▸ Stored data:
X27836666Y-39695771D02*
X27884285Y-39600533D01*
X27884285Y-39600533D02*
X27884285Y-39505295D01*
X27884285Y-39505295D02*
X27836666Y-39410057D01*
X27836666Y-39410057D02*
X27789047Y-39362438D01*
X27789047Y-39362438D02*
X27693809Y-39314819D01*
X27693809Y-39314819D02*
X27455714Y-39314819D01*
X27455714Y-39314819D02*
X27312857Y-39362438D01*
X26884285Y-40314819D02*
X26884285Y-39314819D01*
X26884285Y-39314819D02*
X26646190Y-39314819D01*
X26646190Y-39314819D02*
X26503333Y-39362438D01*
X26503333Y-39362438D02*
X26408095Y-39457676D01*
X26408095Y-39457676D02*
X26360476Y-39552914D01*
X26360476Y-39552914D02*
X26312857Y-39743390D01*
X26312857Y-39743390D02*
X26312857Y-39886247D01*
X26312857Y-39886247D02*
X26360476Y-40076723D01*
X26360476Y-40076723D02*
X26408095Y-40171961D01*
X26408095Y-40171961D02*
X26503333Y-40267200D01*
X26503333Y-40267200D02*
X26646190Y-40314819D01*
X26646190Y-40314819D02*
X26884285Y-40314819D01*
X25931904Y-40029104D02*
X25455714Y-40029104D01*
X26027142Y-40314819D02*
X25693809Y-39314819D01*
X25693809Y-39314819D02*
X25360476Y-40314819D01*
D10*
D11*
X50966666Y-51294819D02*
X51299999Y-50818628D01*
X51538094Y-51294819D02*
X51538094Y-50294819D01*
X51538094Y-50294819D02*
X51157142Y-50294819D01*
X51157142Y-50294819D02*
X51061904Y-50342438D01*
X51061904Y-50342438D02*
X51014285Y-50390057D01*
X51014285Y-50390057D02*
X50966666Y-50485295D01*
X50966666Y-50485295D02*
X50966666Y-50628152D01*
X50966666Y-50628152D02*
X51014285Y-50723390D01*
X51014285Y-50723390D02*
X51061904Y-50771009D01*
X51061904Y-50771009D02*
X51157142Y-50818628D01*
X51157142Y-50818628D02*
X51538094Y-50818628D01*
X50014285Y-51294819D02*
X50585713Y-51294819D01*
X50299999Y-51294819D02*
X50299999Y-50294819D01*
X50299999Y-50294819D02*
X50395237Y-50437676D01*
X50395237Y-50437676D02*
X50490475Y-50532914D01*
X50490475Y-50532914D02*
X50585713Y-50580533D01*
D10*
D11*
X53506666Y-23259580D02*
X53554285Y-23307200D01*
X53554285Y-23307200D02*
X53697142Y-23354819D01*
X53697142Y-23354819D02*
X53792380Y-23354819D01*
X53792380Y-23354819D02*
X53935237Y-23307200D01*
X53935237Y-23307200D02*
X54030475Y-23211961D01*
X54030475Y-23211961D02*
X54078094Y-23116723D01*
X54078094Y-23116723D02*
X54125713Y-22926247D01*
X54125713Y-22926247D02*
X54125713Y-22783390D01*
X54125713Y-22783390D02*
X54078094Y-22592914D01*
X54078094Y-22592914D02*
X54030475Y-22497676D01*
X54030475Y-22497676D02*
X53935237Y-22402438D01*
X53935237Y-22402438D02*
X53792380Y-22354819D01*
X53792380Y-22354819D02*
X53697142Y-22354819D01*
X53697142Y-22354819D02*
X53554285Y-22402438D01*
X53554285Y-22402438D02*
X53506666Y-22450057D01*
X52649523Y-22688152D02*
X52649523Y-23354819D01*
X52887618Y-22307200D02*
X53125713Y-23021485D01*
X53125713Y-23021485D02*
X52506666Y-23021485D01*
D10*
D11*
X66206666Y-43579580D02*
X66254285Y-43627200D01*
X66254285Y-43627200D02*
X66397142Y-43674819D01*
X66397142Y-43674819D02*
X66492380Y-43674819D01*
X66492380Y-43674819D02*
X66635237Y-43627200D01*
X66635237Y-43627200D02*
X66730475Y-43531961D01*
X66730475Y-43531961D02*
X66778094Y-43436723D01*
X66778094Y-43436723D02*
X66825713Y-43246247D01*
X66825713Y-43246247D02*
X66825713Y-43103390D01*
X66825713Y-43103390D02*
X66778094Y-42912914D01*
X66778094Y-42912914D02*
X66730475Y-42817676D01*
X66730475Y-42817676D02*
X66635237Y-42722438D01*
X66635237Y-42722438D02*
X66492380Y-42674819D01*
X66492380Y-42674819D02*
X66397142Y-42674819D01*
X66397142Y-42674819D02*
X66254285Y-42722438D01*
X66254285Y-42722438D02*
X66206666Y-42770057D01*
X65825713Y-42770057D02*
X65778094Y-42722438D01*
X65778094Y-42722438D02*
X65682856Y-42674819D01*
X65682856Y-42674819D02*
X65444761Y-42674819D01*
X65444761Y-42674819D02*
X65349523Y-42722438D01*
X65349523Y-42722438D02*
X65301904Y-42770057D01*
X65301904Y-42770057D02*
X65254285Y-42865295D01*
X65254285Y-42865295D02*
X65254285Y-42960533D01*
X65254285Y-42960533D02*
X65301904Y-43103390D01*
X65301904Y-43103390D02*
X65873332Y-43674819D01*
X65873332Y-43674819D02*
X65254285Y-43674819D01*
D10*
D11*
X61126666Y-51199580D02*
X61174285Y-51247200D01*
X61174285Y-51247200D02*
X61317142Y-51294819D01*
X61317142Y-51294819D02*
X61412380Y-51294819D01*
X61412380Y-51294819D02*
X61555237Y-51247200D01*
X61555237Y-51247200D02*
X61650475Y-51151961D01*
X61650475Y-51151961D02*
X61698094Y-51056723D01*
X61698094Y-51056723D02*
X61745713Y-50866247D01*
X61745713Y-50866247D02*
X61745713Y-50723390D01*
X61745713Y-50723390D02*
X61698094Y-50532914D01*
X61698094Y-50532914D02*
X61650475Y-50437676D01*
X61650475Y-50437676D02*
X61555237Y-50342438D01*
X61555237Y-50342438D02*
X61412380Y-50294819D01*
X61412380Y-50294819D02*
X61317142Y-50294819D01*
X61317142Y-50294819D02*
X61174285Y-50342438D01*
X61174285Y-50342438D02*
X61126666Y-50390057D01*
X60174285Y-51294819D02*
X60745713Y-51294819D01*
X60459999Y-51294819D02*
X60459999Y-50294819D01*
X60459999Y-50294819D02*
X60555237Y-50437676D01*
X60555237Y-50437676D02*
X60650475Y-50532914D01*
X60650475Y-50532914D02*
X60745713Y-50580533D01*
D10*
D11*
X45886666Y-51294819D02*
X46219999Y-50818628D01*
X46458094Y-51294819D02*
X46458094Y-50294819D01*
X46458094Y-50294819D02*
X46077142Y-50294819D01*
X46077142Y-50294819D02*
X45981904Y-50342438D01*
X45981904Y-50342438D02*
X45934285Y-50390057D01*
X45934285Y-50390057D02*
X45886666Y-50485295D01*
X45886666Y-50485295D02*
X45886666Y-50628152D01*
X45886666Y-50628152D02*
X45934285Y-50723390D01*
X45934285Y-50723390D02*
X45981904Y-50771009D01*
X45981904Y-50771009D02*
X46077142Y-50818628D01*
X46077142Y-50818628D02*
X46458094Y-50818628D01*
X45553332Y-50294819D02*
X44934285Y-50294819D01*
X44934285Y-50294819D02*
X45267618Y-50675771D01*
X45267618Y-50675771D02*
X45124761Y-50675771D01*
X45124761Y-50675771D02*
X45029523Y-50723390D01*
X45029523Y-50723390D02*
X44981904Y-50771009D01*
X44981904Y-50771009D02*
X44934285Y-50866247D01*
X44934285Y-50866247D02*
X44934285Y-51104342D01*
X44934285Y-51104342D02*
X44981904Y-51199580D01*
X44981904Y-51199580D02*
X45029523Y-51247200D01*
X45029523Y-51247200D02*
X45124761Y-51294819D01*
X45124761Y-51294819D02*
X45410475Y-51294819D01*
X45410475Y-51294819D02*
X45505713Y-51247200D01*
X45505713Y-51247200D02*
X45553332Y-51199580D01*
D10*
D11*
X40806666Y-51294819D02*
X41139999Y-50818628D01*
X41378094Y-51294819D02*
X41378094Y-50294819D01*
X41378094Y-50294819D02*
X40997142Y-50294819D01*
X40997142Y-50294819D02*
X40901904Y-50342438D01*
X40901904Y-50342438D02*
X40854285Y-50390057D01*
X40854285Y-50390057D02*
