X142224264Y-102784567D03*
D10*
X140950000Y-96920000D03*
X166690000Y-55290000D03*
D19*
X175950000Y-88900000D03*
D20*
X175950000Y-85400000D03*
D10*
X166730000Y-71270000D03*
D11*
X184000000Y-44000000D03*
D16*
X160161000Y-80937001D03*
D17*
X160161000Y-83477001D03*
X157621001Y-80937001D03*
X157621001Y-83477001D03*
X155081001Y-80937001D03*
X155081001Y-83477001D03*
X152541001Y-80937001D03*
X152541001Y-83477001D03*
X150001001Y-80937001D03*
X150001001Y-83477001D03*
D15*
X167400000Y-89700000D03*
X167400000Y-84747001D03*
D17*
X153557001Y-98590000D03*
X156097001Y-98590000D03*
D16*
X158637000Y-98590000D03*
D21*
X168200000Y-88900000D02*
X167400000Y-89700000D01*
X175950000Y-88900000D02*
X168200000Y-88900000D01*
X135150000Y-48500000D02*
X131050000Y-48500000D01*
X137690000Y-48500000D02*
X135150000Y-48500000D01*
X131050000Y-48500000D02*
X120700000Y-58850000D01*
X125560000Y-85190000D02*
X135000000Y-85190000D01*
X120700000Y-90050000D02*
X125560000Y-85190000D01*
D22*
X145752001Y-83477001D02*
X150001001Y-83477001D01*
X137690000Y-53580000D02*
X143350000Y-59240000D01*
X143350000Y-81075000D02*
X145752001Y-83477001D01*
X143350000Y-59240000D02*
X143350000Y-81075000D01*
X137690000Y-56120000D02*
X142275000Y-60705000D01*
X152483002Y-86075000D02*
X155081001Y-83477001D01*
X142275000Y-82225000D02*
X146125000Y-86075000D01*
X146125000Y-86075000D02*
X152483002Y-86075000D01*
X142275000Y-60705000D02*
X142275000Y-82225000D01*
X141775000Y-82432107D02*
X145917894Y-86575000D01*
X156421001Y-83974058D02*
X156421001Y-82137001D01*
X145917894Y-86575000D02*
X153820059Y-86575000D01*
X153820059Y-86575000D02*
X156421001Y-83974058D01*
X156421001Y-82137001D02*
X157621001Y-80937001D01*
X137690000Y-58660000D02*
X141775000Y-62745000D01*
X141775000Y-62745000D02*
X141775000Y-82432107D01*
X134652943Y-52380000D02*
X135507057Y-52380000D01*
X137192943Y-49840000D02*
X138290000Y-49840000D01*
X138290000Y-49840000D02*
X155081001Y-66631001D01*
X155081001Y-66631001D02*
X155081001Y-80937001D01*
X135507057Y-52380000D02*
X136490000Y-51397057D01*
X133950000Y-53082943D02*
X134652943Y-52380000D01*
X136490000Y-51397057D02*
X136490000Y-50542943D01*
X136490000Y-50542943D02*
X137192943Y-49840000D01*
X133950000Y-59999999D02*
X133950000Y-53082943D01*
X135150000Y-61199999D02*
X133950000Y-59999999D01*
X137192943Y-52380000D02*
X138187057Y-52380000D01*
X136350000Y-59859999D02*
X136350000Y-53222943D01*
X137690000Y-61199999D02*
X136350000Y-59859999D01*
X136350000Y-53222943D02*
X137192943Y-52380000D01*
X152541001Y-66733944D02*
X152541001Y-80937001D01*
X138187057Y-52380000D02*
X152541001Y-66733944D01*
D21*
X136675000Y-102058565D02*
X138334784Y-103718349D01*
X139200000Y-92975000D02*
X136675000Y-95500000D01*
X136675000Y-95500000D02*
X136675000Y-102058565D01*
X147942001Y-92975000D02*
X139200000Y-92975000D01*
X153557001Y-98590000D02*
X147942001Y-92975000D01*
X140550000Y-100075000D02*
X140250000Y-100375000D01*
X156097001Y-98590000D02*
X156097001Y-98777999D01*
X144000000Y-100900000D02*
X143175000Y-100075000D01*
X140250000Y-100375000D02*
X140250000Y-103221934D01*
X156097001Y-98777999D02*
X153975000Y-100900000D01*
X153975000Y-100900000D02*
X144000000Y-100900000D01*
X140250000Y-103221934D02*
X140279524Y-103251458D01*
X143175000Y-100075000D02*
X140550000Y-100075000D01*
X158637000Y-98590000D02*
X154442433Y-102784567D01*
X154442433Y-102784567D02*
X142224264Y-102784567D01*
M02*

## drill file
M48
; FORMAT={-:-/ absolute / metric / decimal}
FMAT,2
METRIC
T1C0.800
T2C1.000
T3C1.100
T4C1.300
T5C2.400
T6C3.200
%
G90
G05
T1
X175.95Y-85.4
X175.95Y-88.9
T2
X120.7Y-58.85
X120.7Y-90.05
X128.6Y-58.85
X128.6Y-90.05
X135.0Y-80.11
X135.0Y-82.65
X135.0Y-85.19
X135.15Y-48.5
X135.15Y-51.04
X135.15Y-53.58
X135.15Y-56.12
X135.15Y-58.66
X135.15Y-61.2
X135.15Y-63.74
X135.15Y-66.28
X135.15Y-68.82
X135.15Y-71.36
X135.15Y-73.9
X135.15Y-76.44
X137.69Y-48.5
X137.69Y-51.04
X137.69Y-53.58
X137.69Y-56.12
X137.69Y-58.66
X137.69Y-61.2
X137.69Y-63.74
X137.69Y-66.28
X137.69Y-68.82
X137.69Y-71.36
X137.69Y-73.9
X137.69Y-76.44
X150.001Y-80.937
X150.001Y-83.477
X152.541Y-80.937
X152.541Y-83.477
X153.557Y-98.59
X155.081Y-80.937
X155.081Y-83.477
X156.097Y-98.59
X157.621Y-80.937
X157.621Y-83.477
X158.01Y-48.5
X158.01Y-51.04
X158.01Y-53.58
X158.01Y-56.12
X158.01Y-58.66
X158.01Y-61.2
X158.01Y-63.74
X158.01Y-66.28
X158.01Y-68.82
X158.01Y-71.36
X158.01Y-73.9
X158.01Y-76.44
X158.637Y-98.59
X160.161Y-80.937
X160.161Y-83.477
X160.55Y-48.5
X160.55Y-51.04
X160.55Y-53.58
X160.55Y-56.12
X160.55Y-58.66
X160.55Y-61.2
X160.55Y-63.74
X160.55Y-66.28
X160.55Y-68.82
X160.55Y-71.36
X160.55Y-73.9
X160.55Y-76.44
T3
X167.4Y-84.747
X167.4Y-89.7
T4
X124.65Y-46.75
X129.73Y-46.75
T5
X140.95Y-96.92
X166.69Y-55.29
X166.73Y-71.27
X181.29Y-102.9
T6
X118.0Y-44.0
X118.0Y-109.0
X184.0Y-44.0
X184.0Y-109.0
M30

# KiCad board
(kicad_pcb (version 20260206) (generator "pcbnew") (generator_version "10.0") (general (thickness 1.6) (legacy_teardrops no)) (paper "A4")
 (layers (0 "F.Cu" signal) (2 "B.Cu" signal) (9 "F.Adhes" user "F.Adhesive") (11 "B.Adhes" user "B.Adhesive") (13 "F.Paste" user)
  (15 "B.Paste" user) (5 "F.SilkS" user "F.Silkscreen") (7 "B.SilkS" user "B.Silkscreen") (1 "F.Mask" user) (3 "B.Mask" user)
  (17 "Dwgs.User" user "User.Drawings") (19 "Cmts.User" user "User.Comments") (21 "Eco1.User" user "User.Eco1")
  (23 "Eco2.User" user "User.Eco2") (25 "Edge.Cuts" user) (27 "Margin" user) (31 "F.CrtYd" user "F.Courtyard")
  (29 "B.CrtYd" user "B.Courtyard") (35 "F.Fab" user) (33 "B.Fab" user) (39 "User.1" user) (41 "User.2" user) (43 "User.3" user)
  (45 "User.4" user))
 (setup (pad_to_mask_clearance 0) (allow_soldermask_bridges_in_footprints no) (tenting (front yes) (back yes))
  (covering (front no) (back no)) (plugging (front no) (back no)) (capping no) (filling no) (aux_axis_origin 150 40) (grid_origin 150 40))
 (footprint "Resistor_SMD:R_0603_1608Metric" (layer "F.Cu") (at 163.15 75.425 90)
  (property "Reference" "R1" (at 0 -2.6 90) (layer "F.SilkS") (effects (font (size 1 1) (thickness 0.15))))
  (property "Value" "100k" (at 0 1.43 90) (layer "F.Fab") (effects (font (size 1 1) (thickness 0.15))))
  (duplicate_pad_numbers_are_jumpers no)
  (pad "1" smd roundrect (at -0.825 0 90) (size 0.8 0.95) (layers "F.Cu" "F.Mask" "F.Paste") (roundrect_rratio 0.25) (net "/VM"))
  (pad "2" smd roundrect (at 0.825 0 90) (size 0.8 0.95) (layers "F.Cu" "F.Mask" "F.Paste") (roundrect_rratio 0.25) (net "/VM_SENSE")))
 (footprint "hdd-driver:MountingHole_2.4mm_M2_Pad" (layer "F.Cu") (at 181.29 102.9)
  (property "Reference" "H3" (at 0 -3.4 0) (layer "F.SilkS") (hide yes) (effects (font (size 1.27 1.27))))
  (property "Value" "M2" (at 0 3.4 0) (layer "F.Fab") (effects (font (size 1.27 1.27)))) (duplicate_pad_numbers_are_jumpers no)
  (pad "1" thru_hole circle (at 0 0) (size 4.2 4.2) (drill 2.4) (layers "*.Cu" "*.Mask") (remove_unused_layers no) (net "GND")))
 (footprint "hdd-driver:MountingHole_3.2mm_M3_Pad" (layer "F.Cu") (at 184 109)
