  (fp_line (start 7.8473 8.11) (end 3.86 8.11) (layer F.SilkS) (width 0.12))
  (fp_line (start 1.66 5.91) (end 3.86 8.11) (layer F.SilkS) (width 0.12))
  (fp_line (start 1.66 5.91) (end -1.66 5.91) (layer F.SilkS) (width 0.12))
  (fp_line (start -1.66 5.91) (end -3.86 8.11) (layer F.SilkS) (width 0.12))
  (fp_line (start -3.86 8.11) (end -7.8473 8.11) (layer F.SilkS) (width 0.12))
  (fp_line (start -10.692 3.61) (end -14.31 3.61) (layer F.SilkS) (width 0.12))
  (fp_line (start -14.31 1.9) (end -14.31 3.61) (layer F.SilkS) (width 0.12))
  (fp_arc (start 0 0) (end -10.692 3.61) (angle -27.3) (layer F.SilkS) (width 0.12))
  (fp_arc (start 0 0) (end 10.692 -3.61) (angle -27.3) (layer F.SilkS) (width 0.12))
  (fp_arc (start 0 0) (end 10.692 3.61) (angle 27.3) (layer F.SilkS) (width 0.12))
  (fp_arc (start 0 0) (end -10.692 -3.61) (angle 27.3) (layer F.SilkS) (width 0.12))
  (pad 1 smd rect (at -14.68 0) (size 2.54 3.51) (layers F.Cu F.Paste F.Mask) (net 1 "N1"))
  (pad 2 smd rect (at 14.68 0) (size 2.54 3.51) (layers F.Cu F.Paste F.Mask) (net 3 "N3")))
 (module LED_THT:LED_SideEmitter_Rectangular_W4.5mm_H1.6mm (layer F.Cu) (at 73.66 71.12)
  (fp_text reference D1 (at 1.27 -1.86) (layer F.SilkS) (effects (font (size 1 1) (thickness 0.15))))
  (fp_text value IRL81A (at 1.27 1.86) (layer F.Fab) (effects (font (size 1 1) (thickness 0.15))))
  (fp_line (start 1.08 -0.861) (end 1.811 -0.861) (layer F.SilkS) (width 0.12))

▸ ACTIVITY: Your answer must be the lines above from the one containing "X145752001Y-83477001D02*" to the one containing "X136490000Y-50542943D01*", both included, restated word for word.

▸ EXPECTED ANSWER:
X145752001Y-83477001D02*
X150001001Y-83477001D01*
X137690000Y-53580000D02*
X143350000Y-59240000D01*
X143350000Y-81075000D02*
X145752001Y-83477001D01*
X143350000Y-59240000D02*
X143350000Y-81075000D01*
X137690000Y-56120000D02*
X142275000Y-60705000D01*
X152483002Y-86075000D02*
X155081001Y-83477001D01*
X142275000Y-82225000D02*
X146125000Y-86075000D01*
X146125000Y-86075000D02*
X152483002Y-86075000D01*
X142275000Y-60705000D02*
X142275000Y-82225000D01*
X141775000Y-82432107D02*
X145917894Y-86575000D01*
X156421001Y-83974058D02*
X156421001Y-82137001D01*
X145917894Y-86575000D02*
X153820059Y-86575000D01*
X153820059Y-86575000D02*
X156421001Y-83974058D01*
X156421001Y-82137001D02*
X157621001Y-80937001D01*
X137690000Y-58660000D02*
X141775000Y-62745000D01*
X141775000Y-62745000D02*
X141775000Y-82432107D01*
X134652943Y-52380000D02*
X135507057Y-52380000D01*
X137192943Y-49840000D02*
X138290000Y-49840000D01*
X138290000Y-49840000D02*
X155081001Y-66631001D01*
X155081001Y-66631001D02*
X155081001Y-80937001D01*
X135507057Y-52380000D02*
X136490000Y-51397057D01*
X133950000Y-53082943D02*
X134652943Y-52380000D01*
X136490000Y-51397057D02*
X136490000Y-50542943D01*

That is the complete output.